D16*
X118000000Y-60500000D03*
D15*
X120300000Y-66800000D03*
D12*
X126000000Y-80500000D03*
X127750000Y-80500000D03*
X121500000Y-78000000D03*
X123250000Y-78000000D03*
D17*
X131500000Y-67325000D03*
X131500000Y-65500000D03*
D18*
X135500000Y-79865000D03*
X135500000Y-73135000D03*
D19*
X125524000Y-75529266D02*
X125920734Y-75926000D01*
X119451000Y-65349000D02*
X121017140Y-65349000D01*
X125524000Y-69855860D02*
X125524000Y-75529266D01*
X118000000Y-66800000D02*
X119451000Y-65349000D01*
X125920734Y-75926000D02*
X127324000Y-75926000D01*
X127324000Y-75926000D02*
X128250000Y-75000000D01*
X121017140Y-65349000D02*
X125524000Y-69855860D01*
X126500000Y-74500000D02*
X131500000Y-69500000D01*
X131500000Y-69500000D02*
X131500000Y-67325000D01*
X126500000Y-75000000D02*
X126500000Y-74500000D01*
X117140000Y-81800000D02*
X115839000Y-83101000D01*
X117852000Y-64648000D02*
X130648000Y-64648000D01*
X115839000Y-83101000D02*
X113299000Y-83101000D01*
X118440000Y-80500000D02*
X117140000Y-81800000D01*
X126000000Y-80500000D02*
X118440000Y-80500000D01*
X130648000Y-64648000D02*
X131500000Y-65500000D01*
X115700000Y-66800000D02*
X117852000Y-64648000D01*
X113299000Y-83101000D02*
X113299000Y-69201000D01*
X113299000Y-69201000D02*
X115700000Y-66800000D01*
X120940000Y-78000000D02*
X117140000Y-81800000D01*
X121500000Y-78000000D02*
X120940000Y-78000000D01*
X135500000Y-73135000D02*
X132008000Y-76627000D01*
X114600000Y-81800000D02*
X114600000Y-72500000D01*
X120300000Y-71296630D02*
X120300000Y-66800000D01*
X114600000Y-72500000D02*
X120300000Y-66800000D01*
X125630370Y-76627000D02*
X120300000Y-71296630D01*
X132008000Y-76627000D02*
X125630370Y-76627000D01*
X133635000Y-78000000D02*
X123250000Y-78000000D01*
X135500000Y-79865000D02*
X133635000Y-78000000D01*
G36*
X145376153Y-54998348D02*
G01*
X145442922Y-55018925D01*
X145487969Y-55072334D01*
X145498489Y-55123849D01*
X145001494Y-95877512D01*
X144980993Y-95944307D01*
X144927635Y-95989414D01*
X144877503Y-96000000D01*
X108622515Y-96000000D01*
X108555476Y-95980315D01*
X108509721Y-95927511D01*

How to complete this task.
An exact transcription of all the records is required.

Problem solution.
D16*
X118000000Y-60500000D03*
D15*
X120300000Y-66800000D03*
D12*
X126000000Y-80500000D03*
X127750000Y-80500000D03*
X121500000Y-78000000D03*
X123250000Y-78000000D03*
D17*
X131500000Y-67325000D03*
X131500000Y-65500000D03*
D18*
X135500000Y-79865000D03*
X135500000Y-73135000D03*
D19*
X125524000Y-75529266D02*
X125920734Y-75926000D01*
X119451000Y-65349000D02*
X121017140Y-65349000D01*
X125524000Y-69855860D02*
X125524000Y-75529266D01*
X118000000Y-66800000D02*
X119451000Y-65349000D01*
X125920734Y-75926000D02*
X127324000Y-75926000D01*
X127324000Y-75926000D02*
X128250000Y-75000000D01*
X121017140Y-65349000D02*
X125524000Y-69855860D01*
X126500000Y-74500000D02*
X131500000Y-69500000D01*
X131500000Y-69500000D02*
X131500000Y-67325000D01*
X126500000Y-75000000D02*
X126500000Y-74500000D01*
X117140000Y-81800000D02*
X115839000Y-83101000D01*
X117852000Y-64648000D02*
X130648000Y-64648000D01*
X115839000Y-83101000D02*
X113299000Y-83101000D01*
X118440000Y-80500000D02*
X117140000Y-81800000D01*
X126000000Y-80500000D02*
X118440000Y-80500000D01*
X130648000Y-64648000D02*
X131500000Y-65500000D01*
X115700000Y-66800000D02*
X117852000Y-64648000D01*
X113299000Y-83101000D02*
X113299000Y-69201000D01*
X113299000Y-69201000D02*
X115700000Y-66800000D01*
X120940000Y-78000000D02*
X117140000Y-81800000D01*
X121500000Y-78000000D02*
X120940000Y-78000000D01*
X135500000Y-73135000D02*
X132008000Y-76627000D01*
X114600000Y-81800000D02*
X114600000Y-72500000D01*
X120300000Y-71296630D02*
X120300000Y-66800000D01*
X114600000Y-72500000D02*
X120300000Y-66800000D01*
X125630370Y-76627000D02*
X120300000Y-71296630D01*
X132008000Y-76627000D02*
X125630370Y-76627000D01*
X133635000Y-78000000D02*
X123250000Y-78000000D01*
X135500000Y-79865000D02*
X133635000Y-78000000D01*
G36*
X145376153Y-54998348D02*
G01*
X145442922Y-55018925D01*
X145487969Y-55072334D01*
X145498489Y-55123849D01*
X145001494Y-95877512D01*
X144980993Y-95944307D01*
X144927635Y-95989414D01*
X144877503Y-96000000D01*
X108622515Y-96000000D01*
X108555476Y-95980315D01*
X108509721Y-95927511D01*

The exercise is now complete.